Side note, one hit in the drive thru of some bud, im gone.....
origional post was about.... fuck I forgot!


----------



## rocknratm (Oct 20, 2011)

smartsoverambition said:


> lol yall are messed up i neva sold shit when i wuz in high school
> 
> but if kids are dumb enough 2 buy bud rot, well let them buy bud rot


does this quote constitute a reference to selling drugs. that was my point. damn. i got one of my posts deleted. thats why.


----------



## iamgman (Oct 20, 2011)

cody2689 said:


> wow I just cant seem to stoop that low to screw people over like that lol


Its OK as long as they are still in high school. After that, life gets serious.


----------



## SdY183 (Oct 20, 2011)

ohmy said:


> mold is penicillin no


 penicillin is one type of mold.
there are many others, and some of them can make you quite sick.


----------



## Jogro (Oct 21, 2011)

GrowSpecialist said:


> Theres no danger in smoking moldy weed. The fire burns away the mold. Mold doesn't travel through smoke. Moldy bud will taste really bad though... and won't be very
> potent (if at all).


This is simply not true, and please don't take my word for it. 

Here's a published medical case report of DEATH in an adult male from smoking Aspergillus contaminated marijuana:



> http://www.ncbi.nlm.nih.gov/pubmed/3293934
> 
> Chest. 1988 Aug;94(2):432-3.
> *Fatal aspergillosis associated with smoking contaminated marijuana, in a marrow transplant recipient.*
> ...


There are also other case reports of death from smoking fungally contaminated marijuana in the medical literature, if you'd care to take a look. Aspergillus is generally the culprit, since this particular fungus can cause lung infection in susceptible hosts, and once infected, its extremely difficult to treat, even if diagnosed correctly (which often times it is not). 
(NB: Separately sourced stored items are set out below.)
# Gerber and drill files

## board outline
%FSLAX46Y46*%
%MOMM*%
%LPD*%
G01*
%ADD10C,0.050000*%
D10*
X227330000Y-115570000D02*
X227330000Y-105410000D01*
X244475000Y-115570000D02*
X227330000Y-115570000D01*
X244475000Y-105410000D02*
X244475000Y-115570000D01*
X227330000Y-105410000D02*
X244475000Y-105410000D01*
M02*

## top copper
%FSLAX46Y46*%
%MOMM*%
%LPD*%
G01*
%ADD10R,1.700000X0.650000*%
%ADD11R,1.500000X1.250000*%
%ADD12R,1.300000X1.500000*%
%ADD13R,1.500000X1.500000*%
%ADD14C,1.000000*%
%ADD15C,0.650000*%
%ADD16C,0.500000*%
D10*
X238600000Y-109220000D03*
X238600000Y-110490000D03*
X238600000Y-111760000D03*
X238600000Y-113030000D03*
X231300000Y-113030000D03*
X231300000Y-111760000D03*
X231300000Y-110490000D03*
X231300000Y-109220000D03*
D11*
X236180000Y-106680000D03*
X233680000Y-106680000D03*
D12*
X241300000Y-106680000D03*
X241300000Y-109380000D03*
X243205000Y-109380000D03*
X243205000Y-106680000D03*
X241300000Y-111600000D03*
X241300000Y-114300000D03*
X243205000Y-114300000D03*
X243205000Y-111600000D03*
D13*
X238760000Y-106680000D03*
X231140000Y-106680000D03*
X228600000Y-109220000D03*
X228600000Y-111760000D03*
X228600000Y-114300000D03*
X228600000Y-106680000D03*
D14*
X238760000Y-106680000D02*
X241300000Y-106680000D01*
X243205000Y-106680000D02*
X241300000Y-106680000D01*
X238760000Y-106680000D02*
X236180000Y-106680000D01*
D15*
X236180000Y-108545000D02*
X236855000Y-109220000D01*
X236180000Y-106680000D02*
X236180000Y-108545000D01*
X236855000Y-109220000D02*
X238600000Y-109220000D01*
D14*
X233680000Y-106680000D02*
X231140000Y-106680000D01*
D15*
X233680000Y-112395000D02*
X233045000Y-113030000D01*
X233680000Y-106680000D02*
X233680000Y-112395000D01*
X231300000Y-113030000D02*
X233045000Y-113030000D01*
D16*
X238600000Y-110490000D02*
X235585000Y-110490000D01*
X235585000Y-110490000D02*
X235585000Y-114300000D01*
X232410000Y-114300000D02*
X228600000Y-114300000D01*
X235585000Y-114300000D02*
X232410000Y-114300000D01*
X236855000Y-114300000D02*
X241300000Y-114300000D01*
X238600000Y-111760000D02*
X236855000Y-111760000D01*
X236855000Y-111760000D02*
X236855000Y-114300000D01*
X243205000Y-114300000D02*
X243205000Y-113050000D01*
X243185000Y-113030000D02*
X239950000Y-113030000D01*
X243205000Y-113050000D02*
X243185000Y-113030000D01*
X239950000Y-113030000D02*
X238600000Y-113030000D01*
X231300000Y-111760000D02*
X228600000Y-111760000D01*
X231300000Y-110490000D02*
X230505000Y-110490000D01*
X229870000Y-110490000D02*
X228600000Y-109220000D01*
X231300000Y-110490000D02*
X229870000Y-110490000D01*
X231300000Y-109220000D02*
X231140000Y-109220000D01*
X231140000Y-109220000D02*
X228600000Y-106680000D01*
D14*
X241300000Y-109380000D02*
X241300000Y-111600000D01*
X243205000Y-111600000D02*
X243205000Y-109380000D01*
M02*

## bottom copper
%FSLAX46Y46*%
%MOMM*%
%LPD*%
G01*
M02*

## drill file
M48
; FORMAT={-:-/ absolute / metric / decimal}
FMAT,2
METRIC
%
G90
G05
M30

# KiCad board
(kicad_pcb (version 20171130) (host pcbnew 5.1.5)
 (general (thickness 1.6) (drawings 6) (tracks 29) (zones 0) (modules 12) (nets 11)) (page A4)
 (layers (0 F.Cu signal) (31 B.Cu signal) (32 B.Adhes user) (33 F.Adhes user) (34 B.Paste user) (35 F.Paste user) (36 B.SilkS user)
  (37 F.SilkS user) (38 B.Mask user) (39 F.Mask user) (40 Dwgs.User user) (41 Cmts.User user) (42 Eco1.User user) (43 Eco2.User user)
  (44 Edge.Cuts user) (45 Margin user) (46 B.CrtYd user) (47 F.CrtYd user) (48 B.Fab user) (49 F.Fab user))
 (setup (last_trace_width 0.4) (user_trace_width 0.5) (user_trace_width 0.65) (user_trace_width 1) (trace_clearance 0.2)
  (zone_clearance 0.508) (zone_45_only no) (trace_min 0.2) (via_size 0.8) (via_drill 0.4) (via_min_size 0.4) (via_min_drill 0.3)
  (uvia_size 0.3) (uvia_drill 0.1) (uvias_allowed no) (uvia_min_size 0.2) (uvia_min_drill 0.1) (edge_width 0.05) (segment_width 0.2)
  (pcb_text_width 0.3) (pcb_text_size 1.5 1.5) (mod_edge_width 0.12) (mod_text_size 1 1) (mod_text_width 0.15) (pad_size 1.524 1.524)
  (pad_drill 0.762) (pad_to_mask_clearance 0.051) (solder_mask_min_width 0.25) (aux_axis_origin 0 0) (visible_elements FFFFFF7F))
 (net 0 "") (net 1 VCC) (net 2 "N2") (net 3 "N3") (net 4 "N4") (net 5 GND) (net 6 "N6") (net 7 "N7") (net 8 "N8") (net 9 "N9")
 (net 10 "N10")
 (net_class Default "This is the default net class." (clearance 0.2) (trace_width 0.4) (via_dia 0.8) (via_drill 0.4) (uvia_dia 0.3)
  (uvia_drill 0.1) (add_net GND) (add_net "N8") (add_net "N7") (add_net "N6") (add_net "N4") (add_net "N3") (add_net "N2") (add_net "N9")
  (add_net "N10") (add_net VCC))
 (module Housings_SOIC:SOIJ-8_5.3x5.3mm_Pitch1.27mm (layer F.Cu) (at 234.95 111.125)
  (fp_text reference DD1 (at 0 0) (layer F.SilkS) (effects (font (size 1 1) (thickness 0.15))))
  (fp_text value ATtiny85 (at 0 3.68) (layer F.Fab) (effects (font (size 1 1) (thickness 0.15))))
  (pad 8 smd rect (at 3.65 -1.905) (size 1.7 0.65) (layers F.Cu F.Paste F.Mask) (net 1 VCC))
  (pad 7 smd rect (at 3.65 -0.635) (size 1.7 0.65) (layers F.Cu F.Paste F.Mask) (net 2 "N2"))
  (pad 6 smd rect (at 3.65 0.635) (size 1.7 0.65) (layers F.Cu F.Paste F.Mask) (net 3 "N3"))
  (pad 5 smd rect (at 3.65 1.905) (size 1.7 0.65) (layers F.Cu F.Paste F.Mask) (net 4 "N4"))
  (pad 4 smd rect (at -3.65 1.905) (size 1.7 0.65) (layers F.Cu F.Paste F.Mask) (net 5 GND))
  (pad 3 smd rect (at -3.65 0.635) (size 1.7 0.65) (layers F.Cu F.Paste F.Mask) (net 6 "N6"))
  (pad 2 smd rect (at -3.65 -0.635) (size 1.7 0.65) (layers F.Cu F.Paste F.Mask) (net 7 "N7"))
  (pad 1 smd rect (at -3.65 -1.905) (size 1.7 0.65) (layers F.Cu F.Paste F.Mask) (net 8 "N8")))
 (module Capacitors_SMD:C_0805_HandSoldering (layer F.Cu) (at 234.93 106.68)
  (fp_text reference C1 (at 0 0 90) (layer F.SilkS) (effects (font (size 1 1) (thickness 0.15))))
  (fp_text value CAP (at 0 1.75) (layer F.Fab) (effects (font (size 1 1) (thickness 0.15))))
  (pad 2 smd rect (at 1.25 0) (size 1.5 1.25) (layers F.Cu F.Paste F.Mask) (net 1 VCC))
  (pad 1 smd rect (at -1.25 0) (size 1.5 1.25) (layers F.Cu F.Paste F.Mask) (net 5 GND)))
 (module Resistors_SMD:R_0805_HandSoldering (layer F.Cu) (at 241.3 108.03 90)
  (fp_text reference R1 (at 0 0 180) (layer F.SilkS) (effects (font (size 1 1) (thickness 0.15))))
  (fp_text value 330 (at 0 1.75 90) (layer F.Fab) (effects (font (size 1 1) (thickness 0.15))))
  (pad 2 smd rect (at 1.35 0 90) (size 1.5 1.3) (layers F.Cu F.Paste F.Mask) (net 1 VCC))
  (pad 1 smd rect (at -1.35 0 90) (size 1.5 1.3) (layers F.Cu F.Paste F.Mask) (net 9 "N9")))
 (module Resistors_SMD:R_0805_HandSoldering (layer F.Cu) (at 243.205 108.03 90)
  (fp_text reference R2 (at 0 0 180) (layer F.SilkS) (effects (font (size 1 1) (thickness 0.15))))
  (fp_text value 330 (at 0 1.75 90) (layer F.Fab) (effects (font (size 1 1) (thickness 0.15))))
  (pad 1 smd rect (at -1.35 0 90) (size 1.5 1.3) (layers F.Cu F.Paste F.Mask) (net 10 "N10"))
  (pad 2 smd rect (at 1.35 0 90) (size 1.5 1.3) (layers F.Cu F.Paste F.Mask) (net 1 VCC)))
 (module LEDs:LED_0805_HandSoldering (layer F.Cu) (at 241.3 112.95 90)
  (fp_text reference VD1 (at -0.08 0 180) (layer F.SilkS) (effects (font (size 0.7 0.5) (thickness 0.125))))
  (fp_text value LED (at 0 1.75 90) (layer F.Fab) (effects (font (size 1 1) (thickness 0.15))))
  (pad 2 smd rect (at 1.35 0 90) (size 1.5 1.3) (layers F.Cu F.Paste F.Mask) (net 9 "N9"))
  (pad 1 smd rect (at -1.35 0 90) (size 1.5 1.3) (layers F.Cu F.Paste F.Mask) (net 3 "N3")))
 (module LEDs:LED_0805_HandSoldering (layer F.Cu) (at 243.205 112.95 90)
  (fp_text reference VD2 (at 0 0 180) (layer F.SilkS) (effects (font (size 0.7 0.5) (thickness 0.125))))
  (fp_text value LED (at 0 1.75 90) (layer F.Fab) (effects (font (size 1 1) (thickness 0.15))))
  (pad 1 smd rect (at -1.35 0 90) (size 1.5 1.3) (layers F.Cu F.Paste F.Mask) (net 4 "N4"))
  (pad 2 smd rect (at 1.35 0 90) (size 1.5 1.3) (layers F.Cu F.Paste F.Mask) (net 10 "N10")))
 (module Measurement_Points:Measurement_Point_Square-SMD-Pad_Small (layer F.Cu) (at 238.76 106.68 180)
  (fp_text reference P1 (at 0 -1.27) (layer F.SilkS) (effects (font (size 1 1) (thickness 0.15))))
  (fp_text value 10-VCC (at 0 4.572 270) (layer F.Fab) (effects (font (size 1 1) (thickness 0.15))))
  (pad 1 smd rect (at 0 0 180) (size 1.5 1.5) (layers F.Cu F.Mask) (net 1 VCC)))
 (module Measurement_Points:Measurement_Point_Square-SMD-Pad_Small (layer F.Cu) (at 231.14 106.68 180)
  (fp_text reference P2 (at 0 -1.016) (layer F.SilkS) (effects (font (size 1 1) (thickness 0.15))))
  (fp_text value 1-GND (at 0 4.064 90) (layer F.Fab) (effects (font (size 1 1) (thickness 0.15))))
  (pad 1 smd rect (at 0 0 180) (size 1.5 1.5) (layers F.Cu F.Mask) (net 5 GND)))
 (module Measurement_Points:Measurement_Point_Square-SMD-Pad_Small (layer F.Cu) (at 228.6 109.22 180)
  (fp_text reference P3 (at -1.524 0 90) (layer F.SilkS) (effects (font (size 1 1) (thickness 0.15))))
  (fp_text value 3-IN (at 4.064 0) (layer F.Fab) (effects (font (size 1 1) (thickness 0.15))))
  (pad 1 smd rect (at 0 0 180) (size 1.5 1.5) (layers F.Cu F.Mask) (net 7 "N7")))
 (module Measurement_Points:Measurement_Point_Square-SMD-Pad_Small (layer F.Cu) (at 228.6 111.76 180)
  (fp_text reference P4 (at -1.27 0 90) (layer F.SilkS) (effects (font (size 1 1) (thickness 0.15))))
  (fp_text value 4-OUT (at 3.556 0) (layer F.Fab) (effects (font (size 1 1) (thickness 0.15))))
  (pad 1 smd rect (at 0 0 180) (size 1.5 1.5) (layers F.Cu F.Mask) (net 6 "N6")))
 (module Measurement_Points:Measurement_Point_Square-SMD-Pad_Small (layer F.Cu) (at 228.6 114.3 180)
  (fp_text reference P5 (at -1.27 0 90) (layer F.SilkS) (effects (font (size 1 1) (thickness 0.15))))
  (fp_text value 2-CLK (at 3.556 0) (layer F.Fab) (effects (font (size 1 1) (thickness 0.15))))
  (pad 1 smd rect (at 0 0 180) (size 1.5 1.5) (layers F.Cu F.Mask) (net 2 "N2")))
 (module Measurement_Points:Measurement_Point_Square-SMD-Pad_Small (layer F.Cu) (at 228.6 106.68 180)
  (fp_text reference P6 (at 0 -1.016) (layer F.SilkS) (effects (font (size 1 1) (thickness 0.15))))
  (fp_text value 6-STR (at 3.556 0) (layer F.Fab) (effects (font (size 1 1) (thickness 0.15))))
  (pad 1 smd rect (at 0 0 180) (size 1.5 1.5) (layers F.Cu F.Mask) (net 8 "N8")))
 (gr_line (start 227.33 115.57) (end 227.33 105.41) (layer Edge.Cuts) (width 0.05))
 (gr_line (start 244.475 115.57) (end 227.33 115.57) (layer Edge.Cuts) (width 0.05))
 (gr_line (start 244.475 105.41) (end 244.475 115.57) (layer Edge.Cuts) (width 0.05))
 (gr_line (start 227.33 105.41) (end 244.475 105.41) (layer Edge.Cuts) (width 0.05))
 (segment (start 238.76 106.68) (end 241.3 106.68) (width 1) (layer F.Cu) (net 1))
 (segment (start 243.205 106.68) (end 241.3 106.68) (width 1) (layer F.Cu) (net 1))
 (segment (start 238.76 106.68) (end 236.18 106.68) (width 1) (layer F.Cu) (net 1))
 (segment (start 236.18 108.545) (end 236.855 109.22) (width 0.65) (layer F.Cu) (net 1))
 (segment (start 236.18 106.68) (end 236.18 108.545) (width 0.65) (layer F.Cu) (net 1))
 (segment (start 236.855 109.22) (end 238.6 109.22) (width 0.65) (layer F.Cu) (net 1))
 (segment (start 233.68 106.68) (end 231.14 106.68) (width 1) (layer F.Cu) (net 5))
 (segment (start 233.68 112.395) (end 233.045 113.03) (width 0.65) (layer F.Cu) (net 5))
 (segment (start 233.68 106.68) (end 233.68 112.395) (width 0.65) (layer F.Cu) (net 5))
 (segment (start 231.3 113.03) (end 233.045 113.03) (width 0.65) (layer F.Cu) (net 5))
 (segment (start 238.6 110.49) (end 235.585 110.49) (width 0.5) (layer F.Cu) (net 2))
 (segment (start 235.585 110.49) (end 235.585 114.3) (width 0.5) (layer F.Cu) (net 2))
 (segment (start 232.41 114.3) (end 228.6 114.3) (width 0.5) (layer F.Cu) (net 2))
 (segment (start 235.585 114.3) (end 232.41 114.3) (width 0.5) (layer F.Cu) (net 2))
 (segment (start 236.855 114.3) (end 241.3 114.3) (width 0.5) (layer F.Cu) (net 3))
 (segment (start 238.6 111.76) (end 236.855 111.76) (width 0.5) (layer F.Cu) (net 3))
 (segment (start 236.855 111.76) (end 236.855 114.3) (width 0.5) (layer F.Cu) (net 3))
 (segment (start 243.205 114.3) (end 243.205 113.05) (width 0.5) (layer F.Cu) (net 4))
 (segment (start 243.185 113.03) (end 239.95 113.03) (width 0.5) (layer F.Cu) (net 4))
 (segment (start 243.205 113.05) (end 243.185 113.03) (width 0.5) (layer F.Cu) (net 4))
 (segment (start 239.95 113.03) (end 238.6 113.03) (width 0.5) (layer F.Cu) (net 4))
 (segment (start 231.3 111.76) (end 228.6 111.76) (width 0.5) (layer F.Cu) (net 6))
 (segment (start 231.3 110.49) (end 230.505 110.49) (width 0.5) (layer F.Cu) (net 7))
 (segment (start 229.87 110.49) (end 228.6 109.22) (width 0.5) (layer F.Cu) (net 7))
 (segment (start 231.3 110.49) (end 229.87 110.49) (width 0.5) (layer F.Cu) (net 7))
 (segment (start 231.3 109.22) (end 231.14 109.22) (width 0.5) (layer F.Cu) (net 8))
 (segment (start 231.14 109.22) (end 228.6 106.68) (width 0.5) (layer F.Cu) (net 8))
 (segment (start 241.3 109.38) (end 241.3 111.6) (width 1) (layer F.Cu) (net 9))
 (segment (start 243.205 111.6) (end 243.205 109.38) (width 1) (layer F.Cu) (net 10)))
Now, in fact, if you have a normal immune system, its difficult to get infected this way, and your risk should be pretty low. But its not zero.


----------



## BatMaN SKuNK (Oct 22, 2011)

Nukka I got me a QP of that dank Aspergillus Haze. Shit is Bomb yo! Aspergillin like a Villian... You know Tupacs crew smoked his ashes mixed with that Aspergillusrediculous shit mixed in the shiz nitz. Dead homies and all that.


----------



## DoctorSmoke (Oct 23, 2011)

technically u shouldnt smoke anything, smoking is bad for u overall, so it doesnt really make a difference if u smoke moldy weed. mold is in the air all around us, the mold that infested ur plant came from the air that u breathe, so if u inhaled a few spores while smoking what difference will it make?


----------



## Orithil (Oct 23, 2011)

Quit asking random people on the internet to give you the balls to try it, if you want to smoke it then just do it. If you need fortification or reassurances, then you probably don't really want to do it anyway.


----------



## MORE COWBELL (Nov 2, 2011)

mold does not destroy THC in fact moldy weed may be more potent because the mold ate up the plant material and left a higher percentage of trichomes to green matter

-that is not a reason for having /making moldy pot

-all CURED WEED HAS SOME MOLD-that is what happens in the curing process the mold cures your plants-
only on a tissue based level is needed for curing
-if you can see the mold at all you messed up
freeze dry(CO2 DRY ICE or LIQUID NITROGEN) and use for medibles or make hash


----------



## doser (Nov 3, 2011)

SdY183 said:


> penicillin is one type of mold.
> there are many others, and some of them can make you quite sick.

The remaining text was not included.